When is it time to stop with literacy interventions and move to literacy strategies?

I recently had the great honour of speaking at The Education Show in Birmingham. I was up against Radio 2 DJ Simon Mayo so I was delighted to have a full house who wanted to hear me talk about preparing SEN students for life, not just for exams. 

After the talk, I was by the Scanning Pens stand and a lady was being given a demonstration of how one of their products easily turns printed text into speech. It will read for you basically. A wondrous piece of assistive technology for people with dyslexia.

Anyway, this lady said she didn’t know what to think of it and she didn’t know if she liked it.  Would it not make students lazy and stop them learning? I’m not going to lie, I think I did well not to respond with a lot of swear words. Instead I explained to her that not being able to read tends to be a bigger barrier to learning taking place. Also, people don’t struggle with reading because they are lazy – why are there still educators that think this?  “Oh that will make them lazy readers.” Um, they don’t struggle with reading because they are lazy!!!

It got me to thinking about interventions in school, specifically literacy interventions – reading/writing/spelling.  There are a wealth of literacy support interventions that are used in schools worldwide.  Using these interventions often yields fantastic results and are absolutely the right thing to do.

Sometimes though we can keep using interventions and see minimal or no improvement but we keep trying,  as we feel it’s the right thing to do.  Should there come a time when we stop with interventions and look at supporting the difficulty with independent learning skills and assistive technology?

I have worked mainly with secondary aged students and we would still have year 9 students (14 year olds) completing literacy interventions – usually small group lesson withdrawal interventions.  When undertaken in Year 7 these would have a good rate of improvement.  Year 8 less so. Year 9 even less so. So why did we continue with these strategies? 

Well at the time it was all we had really, that and TA support in lessons along with some differentiation.  I remember the whole schools students being tested to see if they were an audio, visual or kinaesthetic learner.  Their ‘style’ was written on the school registers so teachers knew.  Now we know this was actually a pile of pants.

We must also question what continuing with literacy intervention after intervention, without major improvement, does for the self-esteem of a student?  It’s similar to the to what we are seeing in post 16 students who have to keep taking English/Maths GCSE until they get a grade C. Apparently only 1 in 5 students eventually get the hallowed C but the impact on the other 4/5 students’ self-esteem is detrimental in my opinion, and in the opinion of many people who work in education.  So many students feel they are stupid because they can’t pass Maths GCSE even though they are utterly brilliant and talented at so many other things.

We know enough about the brain and about Dyslexia that for some people their brain works differently, and they may never understand or be able to decode the English language.  So why do we keep trying and insisting that they must?  The energy and time spent by the pupil continuing with reading interventions could be better spent learning subject information or finding a miracle cure for some disease.
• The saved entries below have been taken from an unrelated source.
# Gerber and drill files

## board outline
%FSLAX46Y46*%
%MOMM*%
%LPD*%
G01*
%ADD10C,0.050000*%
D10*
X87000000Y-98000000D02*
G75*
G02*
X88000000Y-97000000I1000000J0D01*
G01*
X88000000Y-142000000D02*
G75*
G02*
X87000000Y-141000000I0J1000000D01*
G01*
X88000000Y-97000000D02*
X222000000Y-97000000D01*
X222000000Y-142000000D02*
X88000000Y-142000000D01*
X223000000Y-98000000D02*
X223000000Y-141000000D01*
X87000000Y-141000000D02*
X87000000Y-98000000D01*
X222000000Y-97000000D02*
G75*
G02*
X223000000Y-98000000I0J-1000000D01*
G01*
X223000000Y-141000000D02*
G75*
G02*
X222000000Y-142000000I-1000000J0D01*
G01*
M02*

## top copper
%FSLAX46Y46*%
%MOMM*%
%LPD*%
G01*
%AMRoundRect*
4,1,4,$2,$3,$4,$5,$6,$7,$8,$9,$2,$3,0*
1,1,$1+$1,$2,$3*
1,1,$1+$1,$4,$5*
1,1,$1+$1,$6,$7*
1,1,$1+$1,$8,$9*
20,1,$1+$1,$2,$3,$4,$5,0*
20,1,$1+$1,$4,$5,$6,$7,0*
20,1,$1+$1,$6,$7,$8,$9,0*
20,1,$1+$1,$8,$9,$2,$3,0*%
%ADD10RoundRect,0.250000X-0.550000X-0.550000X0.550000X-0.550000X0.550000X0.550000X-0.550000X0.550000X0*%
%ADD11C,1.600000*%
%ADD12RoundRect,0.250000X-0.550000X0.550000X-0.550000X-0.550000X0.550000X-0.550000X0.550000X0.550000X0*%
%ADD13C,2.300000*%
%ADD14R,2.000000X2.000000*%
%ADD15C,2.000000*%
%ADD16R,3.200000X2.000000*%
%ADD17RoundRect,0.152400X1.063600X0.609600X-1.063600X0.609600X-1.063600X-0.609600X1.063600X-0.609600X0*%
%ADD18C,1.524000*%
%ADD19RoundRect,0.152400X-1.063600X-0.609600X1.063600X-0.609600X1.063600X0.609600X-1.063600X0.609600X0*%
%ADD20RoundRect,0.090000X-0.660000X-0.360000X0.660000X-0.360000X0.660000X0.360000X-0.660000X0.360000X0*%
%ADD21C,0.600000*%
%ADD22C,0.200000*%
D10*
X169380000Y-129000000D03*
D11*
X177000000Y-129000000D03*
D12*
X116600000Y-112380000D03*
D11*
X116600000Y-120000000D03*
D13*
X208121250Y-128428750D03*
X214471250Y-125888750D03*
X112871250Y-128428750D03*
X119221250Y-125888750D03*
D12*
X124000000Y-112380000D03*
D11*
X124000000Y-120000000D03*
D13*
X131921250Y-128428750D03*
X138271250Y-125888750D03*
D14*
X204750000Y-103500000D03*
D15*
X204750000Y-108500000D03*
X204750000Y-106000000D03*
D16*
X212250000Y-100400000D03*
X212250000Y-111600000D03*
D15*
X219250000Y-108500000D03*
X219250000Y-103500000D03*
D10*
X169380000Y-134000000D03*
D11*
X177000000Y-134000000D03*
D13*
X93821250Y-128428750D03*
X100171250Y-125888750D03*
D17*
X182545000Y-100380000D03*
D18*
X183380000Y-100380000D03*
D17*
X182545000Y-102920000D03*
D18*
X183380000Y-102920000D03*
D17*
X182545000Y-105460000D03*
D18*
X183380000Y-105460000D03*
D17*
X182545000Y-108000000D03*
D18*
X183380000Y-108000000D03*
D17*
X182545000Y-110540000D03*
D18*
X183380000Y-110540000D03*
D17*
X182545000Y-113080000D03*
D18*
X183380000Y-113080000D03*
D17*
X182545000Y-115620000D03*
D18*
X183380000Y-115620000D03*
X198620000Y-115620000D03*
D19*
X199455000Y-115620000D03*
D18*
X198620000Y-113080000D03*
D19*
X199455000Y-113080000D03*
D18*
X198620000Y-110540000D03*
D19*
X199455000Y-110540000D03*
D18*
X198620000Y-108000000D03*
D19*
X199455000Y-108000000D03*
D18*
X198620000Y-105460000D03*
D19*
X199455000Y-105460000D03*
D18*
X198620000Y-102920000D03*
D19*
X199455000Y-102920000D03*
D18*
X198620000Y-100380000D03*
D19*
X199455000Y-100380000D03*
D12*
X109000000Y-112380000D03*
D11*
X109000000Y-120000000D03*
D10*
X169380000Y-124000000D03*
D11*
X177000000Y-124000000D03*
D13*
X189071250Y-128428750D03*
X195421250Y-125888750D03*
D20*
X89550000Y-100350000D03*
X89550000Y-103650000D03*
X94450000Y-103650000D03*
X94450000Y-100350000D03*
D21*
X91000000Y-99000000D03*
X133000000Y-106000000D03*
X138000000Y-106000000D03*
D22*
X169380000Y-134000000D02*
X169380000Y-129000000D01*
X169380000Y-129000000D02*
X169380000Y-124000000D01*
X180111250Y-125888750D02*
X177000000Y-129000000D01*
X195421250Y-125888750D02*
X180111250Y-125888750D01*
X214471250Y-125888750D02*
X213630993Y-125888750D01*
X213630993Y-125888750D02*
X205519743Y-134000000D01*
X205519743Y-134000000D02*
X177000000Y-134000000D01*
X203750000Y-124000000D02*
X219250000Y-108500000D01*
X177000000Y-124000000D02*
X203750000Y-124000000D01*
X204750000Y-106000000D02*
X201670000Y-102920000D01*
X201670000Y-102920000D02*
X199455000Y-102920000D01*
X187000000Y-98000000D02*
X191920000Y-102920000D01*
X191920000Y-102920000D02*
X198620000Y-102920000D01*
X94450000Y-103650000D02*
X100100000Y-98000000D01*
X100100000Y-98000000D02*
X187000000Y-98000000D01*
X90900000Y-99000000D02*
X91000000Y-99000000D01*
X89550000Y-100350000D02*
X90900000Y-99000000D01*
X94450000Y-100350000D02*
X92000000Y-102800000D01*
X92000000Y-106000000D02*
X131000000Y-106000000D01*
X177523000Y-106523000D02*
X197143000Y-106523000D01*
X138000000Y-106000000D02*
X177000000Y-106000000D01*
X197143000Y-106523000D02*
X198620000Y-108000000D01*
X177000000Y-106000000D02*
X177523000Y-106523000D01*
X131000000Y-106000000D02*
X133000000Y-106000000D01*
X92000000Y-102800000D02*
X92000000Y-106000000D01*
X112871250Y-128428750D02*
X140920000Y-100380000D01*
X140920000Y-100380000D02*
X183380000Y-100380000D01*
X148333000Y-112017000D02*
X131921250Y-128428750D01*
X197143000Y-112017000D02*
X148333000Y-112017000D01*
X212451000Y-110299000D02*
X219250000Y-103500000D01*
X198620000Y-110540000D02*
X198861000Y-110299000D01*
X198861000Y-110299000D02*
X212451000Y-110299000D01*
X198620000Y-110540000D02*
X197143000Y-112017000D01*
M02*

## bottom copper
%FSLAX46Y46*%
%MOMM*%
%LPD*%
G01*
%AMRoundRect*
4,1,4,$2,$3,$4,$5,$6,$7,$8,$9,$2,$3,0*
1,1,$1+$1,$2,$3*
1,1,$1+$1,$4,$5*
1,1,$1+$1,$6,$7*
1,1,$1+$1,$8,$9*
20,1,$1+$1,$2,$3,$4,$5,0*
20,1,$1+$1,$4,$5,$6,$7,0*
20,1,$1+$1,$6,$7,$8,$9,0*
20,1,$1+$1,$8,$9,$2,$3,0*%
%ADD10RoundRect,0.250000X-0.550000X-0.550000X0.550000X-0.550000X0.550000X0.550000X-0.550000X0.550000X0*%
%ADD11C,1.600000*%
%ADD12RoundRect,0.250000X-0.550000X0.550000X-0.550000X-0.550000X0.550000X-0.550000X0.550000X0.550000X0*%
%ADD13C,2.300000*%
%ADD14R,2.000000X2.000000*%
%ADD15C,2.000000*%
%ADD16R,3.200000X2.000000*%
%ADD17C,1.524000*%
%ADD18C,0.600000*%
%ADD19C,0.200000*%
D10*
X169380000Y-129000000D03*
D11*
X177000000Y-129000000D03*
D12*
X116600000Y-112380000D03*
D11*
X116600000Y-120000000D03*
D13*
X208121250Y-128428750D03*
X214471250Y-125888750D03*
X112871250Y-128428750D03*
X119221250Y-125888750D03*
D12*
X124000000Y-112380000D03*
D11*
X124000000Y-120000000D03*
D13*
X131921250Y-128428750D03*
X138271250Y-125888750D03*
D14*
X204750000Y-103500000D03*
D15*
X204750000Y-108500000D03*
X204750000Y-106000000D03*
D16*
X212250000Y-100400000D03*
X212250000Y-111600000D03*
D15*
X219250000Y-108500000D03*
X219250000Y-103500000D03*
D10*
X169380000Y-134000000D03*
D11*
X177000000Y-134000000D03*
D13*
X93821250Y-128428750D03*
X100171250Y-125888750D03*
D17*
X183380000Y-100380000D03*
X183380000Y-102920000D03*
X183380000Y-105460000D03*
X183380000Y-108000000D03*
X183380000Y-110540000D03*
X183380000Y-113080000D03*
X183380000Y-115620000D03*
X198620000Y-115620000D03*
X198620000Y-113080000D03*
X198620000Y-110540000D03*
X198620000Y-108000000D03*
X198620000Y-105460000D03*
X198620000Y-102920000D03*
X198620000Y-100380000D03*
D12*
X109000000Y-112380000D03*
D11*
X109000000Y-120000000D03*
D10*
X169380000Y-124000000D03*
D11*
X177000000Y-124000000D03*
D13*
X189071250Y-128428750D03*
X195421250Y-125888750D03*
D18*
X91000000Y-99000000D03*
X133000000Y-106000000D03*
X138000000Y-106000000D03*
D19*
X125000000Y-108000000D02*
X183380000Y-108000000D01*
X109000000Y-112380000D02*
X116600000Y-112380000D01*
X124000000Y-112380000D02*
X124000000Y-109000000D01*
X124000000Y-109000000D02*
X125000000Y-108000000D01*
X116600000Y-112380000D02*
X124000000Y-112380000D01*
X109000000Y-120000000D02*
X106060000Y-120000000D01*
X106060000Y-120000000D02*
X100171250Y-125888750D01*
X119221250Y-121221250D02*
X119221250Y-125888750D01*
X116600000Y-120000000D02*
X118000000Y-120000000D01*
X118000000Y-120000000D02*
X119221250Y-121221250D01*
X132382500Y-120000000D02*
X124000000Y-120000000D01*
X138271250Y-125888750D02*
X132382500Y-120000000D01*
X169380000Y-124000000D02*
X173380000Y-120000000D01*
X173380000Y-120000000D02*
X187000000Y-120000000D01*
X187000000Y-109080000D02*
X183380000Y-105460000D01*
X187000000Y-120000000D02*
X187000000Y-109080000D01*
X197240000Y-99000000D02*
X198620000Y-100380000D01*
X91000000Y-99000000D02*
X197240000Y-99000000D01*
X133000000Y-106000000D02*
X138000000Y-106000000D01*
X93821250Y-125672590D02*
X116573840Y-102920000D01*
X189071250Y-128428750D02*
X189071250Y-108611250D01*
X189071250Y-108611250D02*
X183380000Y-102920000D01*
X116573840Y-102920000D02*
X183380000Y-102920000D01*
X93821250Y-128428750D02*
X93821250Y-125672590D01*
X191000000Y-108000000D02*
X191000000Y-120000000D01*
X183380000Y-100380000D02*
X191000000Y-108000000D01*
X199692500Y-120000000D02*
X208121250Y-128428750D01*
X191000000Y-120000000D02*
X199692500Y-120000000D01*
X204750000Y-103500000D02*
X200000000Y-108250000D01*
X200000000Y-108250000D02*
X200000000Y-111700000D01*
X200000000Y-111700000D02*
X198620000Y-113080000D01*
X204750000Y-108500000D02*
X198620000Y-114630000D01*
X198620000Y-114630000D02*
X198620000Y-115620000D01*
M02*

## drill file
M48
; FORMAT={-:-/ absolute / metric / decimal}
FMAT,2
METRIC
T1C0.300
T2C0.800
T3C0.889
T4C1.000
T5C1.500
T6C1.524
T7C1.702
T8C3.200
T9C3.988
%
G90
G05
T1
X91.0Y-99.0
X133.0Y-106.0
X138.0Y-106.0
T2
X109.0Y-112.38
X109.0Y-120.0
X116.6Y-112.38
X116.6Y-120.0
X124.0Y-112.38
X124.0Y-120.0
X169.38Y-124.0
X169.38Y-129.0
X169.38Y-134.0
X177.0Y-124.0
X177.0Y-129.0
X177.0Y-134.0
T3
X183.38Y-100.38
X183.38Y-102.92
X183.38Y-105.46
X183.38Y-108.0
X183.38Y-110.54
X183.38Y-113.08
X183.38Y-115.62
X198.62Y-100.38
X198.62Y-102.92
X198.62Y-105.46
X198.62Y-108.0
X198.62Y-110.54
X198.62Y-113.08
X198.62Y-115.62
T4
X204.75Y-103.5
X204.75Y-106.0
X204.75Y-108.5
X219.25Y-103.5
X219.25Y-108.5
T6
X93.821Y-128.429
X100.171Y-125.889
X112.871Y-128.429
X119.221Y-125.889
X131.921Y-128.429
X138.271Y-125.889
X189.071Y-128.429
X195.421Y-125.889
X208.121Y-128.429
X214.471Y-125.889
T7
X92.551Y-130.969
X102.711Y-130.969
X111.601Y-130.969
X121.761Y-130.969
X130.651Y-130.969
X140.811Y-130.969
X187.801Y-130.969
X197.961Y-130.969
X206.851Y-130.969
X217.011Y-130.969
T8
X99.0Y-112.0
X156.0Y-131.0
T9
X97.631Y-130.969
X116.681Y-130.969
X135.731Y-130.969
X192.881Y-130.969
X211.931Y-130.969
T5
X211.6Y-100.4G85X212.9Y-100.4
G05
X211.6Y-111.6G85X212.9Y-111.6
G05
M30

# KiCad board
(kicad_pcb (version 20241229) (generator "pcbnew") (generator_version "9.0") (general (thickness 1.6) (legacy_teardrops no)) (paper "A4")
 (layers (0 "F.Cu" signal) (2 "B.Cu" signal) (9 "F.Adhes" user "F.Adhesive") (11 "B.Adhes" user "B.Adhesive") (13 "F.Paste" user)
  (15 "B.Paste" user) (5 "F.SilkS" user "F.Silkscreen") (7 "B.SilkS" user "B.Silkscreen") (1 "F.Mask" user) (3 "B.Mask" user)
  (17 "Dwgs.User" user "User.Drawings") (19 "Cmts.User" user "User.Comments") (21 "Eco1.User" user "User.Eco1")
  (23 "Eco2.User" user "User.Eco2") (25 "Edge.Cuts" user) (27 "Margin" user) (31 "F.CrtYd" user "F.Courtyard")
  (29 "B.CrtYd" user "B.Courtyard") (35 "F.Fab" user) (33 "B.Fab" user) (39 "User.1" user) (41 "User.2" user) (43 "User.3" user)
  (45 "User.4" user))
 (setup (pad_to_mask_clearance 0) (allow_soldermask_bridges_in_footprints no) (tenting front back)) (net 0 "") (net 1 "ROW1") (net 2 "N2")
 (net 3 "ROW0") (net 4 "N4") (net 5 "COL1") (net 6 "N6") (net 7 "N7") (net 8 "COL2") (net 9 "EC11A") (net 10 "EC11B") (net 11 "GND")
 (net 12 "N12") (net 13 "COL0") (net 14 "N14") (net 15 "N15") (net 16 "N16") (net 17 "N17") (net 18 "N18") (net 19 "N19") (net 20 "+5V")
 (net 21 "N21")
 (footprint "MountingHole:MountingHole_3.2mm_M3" (layer "F.Cu") (at 99 112)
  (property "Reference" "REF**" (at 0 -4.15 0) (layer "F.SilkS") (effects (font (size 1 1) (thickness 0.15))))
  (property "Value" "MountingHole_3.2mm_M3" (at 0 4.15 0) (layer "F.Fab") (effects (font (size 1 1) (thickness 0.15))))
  (pad "" np_thru_hole circle (at 0 0) (size 3.2 3.2) (drill 3.2) (layers "*.Cu" "*.Mask")))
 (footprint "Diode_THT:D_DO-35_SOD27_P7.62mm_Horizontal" (layer "F.Cu") (at 169.38 129)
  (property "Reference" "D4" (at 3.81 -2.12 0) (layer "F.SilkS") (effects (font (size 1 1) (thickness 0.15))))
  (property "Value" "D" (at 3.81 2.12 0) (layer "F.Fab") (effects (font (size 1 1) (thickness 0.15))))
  (pad "1" thru_hole roundrect (at 0 0) (size 1.6 1.6) (drill 0.8) (layers "*.Cu" "*.Mask") (remove_unused_layers no)
   (roundrect_rratio 0.15625) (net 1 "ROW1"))
  (pad "2" thru_hole circle (at 7.62 0) (size 1.6 1.6) (drill 0.8) (layers "*.Cu" "*.Mask") (remove_unused_layers no) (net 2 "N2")))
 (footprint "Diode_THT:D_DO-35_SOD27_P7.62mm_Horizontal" (layer "F.Cu") (at 116.6 112.38 -90)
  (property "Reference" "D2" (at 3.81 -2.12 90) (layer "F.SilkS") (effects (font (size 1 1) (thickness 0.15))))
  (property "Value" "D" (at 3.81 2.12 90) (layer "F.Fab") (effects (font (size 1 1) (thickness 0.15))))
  (pad "1" thru_hole roundrect (at 0 0 270) (size 1.6 1.6) (drill 0.8) (layers "*.Cu" "*.Mask") (remove_unused_layers no)
   (roundrect_rratio 0.15625) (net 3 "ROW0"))
  (pad "2" thru_hole circle (at 7.62 0 270) (size 1.6 1.6) (drill 0.8) (layers "*.Cu" "*.Mask") (remove_unused_layers no) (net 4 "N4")))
When students stop improving as a result of interventions, or where there is limited improvement, why don’t we think about teaching them strategies so their difficulties don’t hold them back.  Provide and teach them to use assistive technology.  Break down the barriers to their learning in class, in life.  Improve their self-esteem, and in many cases their social standing, in school.  This has all been proven to improve learning which improves academic performance.
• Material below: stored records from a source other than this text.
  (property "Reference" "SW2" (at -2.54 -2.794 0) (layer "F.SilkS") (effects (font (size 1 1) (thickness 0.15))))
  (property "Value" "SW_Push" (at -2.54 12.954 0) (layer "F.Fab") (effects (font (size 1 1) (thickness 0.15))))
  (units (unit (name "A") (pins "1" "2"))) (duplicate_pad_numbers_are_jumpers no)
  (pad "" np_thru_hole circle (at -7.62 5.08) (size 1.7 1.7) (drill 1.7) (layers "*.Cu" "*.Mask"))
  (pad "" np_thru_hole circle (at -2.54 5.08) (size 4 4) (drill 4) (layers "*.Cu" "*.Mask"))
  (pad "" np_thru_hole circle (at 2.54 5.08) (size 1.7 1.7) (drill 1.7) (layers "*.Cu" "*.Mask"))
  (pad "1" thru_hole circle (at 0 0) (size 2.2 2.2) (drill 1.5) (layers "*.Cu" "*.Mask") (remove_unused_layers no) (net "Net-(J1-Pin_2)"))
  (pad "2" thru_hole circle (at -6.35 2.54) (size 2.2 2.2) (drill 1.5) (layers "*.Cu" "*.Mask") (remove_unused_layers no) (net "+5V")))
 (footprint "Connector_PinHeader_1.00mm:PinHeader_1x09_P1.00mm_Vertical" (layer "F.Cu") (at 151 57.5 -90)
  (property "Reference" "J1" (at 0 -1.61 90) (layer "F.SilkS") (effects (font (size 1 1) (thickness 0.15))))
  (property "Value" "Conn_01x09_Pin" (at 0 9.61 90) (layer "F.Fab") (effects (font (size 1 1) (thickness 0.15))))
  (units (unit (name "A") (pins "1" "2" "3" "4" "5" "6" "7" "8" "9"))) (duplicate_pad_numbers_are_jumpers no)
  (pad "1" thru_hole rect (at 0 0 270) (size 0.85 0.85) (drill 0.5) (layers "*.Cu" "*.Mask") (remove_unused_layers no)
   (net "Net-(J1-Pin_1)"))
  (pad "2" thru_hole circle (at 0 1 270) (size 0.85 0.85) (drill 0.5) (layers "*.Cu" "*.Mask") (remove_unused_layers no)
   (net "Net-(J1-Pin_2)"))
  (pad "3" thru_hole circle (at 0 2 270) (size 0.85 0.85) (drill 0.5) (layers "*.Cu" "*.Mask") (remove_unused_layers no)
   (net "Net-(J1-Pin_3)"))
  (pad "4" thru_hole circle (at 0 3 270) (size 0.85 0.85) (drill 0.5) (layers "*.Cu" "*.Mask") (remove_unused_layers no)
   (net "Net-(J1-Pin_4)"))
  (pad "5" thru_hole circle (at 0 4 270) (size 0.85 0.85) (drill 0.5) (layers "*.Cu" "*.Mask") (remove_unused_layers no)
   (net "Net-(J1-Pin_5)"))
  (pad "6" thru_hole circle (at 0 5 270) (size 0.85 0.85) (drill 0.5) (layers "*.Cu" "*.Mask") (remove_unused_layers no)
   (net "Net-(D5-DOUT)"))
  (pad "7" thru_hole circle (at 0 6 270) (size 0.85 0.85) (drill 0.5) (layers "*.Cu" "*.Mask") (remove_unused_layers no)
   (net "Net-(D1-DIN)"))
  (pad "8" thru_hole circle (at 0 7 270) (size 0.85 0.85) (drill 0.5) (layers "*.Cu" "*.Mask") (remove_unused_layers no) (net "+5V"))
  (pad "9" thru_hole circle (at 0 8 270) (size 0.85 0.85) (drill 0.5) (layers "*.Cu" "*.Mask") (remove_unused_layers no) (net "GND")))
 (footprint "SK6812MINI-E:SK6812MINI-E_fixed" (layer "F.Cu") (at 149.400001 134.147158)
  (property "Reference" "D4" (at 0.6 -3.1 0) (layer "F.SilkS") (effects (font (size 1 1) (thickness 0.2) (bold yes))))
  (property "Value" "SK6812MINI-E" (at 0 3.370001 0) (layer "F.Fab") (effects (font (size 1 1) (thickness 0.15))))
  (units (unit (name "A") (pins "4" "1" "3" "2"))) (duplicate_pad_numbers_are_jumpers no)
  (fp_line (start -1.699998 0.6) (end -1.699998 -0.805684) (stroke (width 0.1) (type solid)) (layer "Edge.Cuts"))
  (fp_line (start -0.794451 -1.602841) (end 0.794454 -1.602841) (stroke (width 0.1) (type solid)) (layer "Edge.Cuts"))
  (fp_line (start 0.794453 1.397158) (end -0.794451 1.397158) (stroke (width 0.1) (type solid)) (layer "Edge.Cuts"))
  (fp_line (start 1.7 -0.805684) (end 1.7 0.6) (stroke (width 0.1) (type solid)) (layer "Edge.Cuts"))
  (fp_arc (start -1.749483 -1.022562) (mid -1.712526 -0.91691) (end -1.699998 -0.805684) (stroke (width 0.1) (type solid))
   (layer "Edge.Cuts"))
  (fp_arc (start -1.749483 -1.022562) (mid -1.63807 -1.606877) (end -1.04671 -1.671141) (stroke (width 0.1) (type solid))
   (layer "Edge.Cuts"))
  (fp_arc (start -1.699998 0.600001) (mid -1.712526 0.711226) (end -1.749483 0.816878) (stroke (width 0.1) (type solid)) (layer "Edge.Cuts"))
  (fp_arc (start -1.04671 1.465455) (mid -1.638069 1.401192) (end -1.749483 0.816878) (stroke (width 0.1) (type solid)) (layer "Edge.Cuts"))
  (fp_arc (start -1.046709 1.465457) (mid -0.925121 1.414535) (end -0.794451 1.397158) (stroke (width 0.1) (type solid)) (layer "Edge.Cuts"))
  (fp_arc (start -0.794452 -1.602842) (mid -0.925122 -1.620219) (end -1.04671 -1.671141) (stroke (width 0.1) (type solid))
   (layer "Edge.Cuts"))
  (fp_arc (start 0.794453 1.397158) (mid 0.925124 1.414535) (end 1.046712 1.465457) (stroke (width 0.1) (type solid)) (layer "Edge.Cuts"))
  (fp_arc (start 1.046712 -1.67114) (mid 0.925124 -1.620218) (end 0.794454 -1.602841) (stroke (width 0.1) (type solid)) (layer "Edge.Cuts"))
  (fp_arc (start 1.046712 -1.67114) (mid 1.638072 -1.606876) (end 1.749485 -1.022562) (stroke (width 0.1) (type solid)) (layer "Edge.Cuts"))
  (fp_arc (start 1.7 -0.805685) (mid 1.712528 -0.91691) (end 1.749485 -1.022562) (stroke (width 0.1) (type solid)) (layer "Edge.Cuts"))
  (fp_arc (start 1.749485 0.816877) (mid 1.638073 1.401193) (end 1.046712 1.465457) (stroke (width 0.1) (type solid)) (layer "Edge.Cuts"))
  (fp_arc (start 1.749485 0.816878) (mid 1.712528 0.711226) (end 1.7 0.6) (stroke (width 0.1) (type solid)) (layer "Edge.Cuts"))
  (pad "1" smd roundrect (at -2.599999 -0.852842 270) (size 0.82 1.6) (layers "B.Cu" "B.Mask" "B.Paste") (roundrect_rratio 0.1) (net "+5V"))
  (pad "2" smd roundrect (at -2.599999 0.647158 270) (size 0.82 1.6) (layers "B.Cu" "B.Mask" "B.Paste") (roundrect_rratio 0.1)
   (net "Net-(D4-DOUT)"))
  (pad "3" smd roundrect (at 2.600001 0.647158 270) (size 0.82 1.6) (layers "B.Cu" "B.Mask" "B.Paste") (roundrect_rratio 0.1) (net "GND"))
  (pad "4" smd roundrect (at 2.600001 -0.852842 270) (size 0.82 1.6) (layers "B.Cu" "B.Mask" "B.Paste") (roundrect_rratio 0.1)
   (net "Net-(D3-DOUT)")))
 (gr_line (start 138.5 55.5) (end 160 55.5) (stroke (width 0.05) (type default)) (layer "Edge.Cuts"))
We also shouldn’t just consider this at secondary level. There is now earlier diagnosis for dyslexia, and similar type disorders.  Based on diagnostic assessment and in class evidence, could we consider learning strategies at a younger age? That is stop expecting them to be able to read to a certain level which they are likely never to achieve.  Instead equip them for independent learning with a range of strategies and assistive technologies and let them get on with being brilliant and learning subject content.

Yes, I know this may be idealistic and I am not recommending we stop trying for all students.  But we owe it to look at each student as an individual and decide what is best for them academically and emotionally. You wouldn’t keep giving a permanently paralysed person walking lessons, you would support them to live an independent life. Let’s look at doing the same for other SEN students as well.